Reconstructing a historical housing price index is methodologically challenging. The main validity question is to what extent an index measures a constant quality over time, a problem that is aggravated in historical studies due to the limitation of the source material. We show that even if our index can be questioned, alternative estimates display similar results, although there are some differences. Further historical studies are necessary to consider quality changes. From an international perspective, Sweden has very rich sources that could be invaluable to studies on historical methodology. The main aim of the present study is not to present a final index, but to take the first step in analysing the development of historical housing prices for Sweden back to the pre-industrial era.
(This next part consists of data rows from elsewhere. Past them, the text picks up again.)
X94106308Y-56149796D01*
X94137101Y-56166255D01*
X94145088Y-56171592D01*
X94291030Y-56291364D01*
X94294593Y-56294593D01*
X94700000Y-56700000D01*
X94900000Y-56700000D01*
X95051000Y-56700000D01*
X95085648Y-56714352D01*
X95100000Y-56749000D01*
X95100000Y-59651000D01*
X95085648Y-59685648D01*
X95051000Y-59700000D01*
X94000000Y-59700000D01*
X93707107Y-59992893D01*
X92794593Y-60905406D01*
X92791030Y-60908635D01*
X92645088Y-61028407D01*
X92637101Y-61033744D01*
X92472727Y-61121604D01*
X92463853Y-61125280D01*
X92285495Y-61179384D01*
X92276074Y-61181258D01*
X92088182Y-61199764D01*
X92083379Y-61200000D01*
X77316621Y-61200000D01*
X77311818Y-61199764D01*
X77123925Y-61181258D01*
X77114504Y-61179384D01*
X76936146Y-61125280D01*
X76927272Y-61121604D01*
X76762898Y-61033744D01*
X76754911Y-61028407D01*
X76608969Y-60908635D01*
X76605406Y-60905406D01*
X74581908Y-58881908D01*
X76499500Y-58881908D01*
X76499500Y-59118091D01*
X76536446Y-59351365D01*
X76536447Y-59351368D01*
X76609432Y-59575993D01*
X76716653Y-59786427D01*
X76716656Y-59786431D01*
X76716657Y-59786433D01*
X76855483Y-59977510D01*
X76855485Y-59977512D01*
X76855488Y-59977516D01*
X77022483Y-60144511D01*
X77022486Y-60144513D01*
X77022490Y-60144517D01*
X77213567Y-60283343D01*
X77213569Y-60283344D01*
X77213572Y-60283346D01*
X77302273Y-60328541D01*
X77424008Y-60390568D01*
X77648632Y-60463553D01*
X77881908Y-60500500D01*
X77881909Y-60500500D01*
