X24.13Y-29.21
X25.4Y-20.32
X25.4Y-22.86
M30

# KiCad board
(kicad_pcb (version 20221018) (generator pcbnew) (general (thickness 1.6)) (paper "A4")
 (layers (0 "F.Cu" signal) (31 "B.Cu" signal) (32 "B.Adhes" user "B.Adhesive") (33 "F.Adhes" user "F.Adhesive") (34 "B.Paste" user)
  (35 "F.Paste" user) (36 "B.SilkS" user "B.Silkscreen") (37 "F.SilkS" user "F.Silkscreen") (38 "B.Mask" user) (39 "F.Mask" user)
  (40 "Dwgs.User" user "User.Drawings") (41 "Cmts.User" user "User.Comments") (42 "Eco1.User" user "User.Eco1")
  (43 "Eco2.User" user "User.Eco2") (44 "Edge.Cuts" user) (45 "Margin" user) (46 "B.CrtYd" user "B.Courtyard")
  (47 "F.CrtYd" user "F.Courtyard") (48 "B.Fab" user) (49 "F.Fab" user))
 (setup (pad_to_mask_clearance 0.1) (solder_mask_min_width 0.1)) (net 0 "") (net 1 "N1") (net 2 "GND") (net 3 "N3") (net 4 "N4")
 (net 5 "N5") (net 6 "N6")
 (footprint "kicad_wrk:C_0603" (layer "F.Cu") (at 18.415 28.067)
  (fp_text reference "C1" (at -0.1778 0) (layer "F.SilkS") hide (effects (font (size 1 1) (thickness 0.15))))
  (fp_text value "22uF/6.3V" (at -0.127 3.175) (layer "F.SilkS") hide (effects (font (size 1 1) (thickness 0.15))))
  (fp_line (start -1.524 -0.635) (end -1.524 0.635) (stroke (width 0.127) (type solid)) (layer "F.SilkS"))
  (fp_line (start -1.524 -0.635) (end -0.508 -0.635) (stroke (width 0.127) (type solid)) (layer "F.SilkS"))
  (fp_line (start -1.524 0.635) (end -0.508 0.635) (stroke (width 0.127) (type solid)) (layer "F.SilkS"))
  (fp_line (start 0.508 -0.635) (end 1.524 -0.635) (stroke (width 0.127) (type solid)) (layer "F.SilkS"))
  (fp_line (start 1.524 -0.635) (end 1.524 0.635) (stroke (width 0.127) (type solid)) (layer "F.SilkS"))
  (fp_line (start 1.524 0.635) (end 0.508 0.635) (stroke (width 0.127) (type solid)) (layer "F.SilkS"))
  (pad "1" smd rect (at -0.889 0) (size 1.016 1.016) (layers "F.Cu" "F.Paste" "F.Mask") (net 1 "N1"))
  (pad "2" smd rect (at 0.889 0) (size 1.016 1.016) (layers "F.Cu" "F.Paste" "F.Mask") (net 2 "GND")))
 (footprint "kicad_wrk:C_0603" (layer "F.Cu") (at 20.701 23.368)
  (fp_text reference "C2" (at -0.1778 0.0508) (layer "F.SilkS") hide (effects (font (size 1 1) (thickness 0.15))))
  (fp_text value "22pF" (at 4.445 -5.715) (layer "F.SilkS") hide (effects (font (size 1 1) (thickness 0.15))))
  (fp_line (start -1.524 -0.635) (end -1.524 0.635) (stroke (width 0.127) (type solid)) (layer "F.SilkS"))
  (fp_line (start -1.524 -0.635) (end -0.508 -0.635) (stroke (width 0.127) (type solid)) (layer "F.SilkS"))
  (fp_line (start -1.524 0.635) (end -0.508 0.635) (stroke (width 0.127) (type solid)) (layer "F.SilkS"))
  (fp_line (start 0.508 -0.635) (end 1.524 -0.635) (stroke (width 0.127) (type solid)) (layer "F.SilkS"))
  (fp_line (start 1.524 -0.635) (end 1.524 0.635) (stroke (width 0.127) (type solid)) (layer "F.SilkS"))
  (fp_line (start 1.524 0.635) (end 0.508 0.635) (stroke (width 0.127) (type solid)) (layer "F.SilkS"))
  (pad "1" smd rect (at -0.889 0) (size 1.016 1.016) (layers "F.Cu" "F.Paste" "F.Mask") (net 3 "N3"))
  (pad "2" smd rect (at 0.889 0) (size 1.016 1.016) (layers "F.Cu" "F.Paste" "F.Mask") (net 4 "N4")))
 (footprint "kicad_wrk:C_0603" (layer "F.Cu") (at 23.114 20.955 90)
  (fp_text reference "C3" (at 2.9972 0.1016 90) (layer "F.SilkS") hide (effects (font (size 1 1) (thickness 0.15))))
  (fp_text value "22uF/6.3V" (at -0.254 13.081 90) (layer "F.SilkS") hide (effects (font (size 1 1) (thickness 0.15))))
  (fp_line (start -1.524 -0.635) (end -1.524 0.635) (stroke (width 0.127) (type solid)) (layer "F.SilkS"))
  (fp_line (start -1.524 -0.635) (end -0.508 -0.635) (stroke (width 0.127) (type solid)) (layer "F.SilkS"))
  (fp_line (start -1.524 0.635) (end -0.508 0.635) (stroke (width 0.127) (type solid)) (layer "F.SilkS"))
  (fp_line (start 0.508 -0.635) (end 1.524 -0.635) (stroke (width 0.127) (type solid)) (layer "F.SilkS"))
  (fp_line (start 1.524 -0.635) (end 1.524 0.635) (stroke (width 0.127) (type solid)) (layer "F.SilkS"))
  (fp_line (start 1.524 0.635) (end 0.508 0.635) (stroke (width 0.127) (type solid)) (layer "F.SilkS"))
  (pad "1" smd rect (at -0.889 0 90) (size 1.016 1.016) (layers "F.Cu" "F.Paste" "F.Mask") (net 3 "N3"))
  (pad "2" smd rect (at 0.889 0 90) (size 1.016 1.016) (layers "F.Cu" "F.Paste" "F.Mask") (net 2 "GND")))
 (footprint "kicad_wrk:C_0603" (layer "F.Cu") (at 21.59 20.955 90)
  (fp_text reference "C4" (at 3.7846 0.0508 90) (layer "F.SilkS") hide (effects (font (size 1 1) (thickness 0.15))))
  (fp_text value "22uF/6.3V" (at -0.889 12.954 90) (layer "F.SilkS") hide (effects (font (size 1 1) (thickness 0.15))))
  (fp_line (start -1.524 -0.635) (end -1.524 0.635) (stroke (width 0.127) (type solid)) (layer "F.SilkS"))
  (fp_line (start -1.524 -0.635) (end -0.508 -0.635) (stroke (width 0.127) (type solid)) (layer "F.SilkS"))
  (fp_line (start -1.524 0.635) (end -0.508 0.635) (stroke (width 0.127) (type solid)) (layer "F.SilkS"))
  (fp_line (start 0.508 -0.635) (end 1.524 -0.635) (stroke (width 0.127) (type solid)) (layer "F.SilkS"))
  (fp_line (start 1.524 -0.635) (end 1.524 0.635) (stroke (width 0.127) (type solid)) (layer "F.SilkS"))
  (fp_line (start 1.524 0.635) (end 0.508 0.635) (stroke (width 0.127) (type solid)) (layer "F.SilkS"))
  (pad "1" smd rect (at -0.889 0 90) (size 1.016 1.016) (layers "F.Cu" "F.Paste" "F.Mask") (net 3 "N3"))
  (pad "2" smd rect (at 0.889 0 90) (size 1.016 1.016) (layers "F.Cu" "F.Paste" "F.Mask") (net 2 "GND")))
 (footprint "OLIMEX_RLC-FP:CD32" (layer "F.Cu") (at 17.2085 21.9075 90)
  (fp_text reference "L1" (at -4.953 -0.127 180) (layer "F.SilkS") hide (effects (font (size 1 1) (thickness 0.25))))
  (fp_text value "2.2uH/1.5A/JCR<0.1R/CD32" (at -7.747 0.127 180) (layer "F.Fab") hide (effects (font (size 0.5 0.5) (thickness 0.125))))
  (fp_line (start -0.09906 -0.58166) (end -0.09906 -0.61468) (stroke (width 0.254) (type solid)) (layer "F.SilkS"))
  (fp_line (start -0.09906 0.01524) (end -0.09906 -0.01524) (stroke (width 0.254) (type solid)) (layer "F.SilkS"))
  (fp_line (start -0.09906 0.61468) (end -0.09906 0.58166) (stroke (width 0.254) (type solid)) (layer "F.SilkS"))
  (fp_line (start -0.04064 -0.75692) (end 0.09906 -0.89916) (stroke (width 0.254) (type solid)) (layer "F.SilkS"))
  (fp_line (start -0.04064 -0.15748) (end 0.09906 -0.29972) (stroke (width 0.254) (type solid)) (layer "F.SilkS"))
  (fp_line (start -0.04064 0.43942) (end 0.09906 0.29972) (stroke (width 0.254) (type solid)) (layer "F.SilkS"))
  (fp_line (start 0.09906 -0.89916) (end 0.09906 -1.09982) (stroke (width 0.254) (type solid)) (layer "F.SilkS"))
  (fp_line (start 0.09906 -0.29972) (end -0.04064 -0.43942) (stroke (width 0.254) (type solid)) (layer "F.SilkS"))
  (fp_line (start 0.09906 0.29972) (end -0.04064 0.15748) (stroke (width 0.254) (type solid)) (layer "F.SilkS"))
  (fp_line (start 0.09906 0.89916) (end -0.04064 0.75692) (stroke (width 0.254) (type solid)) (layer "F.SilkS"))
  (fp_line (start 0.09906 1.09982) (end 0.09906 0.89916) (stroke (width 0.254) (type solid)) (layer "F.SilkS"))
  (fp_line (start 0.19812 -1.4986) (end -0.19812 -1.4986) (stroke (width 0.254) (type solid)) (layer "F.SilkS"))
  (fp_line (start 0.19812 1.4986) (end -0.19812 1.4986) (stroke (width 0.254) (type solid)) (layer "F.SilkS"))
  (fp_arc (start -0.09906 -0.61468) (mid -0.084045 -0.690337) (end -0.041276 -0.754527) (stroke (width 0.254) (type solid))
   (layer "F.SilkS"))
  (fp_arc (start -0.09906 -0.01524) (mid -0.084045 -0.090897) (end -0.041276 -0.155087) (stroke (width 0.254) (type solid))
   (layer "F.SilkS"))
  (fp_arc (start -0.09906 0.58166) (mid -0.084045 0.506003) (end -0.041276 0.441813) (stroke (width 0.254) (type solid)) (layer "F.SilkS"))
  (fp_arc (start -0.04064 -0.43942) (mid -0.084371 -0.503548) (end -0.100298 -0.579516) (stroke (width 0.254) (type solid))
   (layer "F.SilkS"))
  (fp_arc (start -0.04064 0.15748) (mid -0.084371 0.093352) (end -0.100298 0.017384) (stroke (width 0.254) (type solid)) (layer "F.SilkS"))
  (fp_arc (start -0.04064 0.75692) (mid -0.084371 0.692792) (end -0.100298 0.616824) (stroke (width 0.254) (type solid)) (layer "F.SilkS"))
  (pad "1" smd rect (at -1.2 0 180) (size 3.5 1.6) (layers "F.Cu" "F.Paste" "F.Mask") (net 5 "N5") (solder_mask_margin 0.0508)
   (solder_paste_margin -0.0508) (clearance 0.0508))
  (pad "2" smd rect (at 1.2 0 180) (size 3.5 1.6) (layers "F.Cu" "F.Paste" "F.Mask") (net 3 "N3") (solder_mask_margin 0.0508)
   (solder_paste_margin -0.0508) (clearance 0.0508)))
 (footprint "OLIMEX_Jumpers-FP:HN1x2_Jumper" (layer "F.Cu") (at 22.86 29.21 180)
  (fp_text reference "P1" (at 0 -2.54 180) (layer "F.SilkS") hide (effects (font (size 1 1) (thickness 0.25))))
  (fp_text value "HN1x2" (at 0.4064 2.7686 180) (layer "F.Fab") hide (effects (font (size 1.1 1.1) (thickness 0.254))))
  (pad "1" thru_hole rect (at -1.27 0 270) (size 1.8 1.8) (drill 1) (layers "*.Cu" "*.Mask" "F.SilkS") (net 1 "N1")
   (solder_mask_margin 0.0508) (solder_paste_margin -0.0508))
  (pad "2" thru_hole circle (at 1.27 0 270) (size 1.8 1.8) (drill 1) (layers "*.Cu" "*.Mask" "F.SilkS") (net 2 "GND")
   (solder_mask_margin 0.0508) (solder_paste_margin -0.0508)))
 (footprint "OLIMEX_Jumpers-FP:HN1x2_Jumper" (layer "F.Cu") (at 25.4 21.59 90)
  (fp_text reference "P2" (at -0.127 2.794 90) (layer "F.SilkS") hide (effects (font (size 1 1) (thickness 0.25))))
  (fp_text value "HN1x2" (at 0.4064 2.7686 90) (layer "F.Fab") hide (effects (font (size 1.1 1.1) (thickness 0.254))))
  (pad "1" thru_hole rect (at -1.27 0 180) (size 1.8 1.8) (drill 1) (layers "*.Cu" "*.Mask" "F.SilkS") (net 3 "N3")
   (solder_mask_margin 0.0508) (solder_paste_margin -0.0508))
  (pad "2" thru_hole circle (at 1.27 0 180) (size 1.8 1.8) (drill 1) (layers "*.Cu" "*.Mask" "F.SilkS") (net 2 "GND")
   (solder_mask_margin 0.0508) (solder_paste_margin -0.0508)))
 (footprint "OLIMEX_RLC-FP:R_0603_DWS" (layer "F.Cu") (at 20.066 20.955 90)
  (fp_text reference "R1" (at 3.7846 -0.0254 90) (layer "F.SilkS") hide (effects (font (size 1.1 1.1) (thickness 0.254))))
While the study of Knoll et al. (Citation2017) indicates a ‘hockey stick’ development, with stagnation in real prices up to the 1960s, followed by a rapid increase, we show that the rise in the last decades had precedence in the second half of the nineteenth century. This rise was not immediately followed by a burst of a bubble back to the level before the rise, although there was a sharp decline in the 1860s, followed by a new rise. However, after the 1880s, there was a century of stagnant, or even slightly declining real prices. The real price in 1993 was 39 percent below the level in 1887. This period of secular decline was accompanied by a decline in the inner-city population during the post-war period.

The movement in real housing prices follows a similar pattern as the ratio of wealth to income. Through our historical analysis, we demonstrate how these long-term trends are related to institutional changes, which supports similar arguments made by Piketty and Zucman (Citation2014). Extreme institutional chocks, such as wars, also depressed property prices. The two periods of market deregulation, in the third quarter of the nineteenth century and the late twentieth century, were accompanied by real capital gains, but also rising debt. During the pre-industrial period and the long period of increased regulation in the twentieth-century real housing prices were stagnating and the ratio of wealth to income declined. This pattern may suggest that more regulation and government intervention in the future most likely would curb real housing prices.

Disclosure statement

No potential conflict of interest was reported by the author(s).

Additional information

Funding

This paper has been written within a project financed by Torsten Söderbergs Stiftelse. For support we are also grateful to Sveriges Riksbank and Jan Wallanders och Tom Hedelius Stiftelse.

Notes

1 Swedish rents are today regulated through a collective bargaining system between landlords and tenants.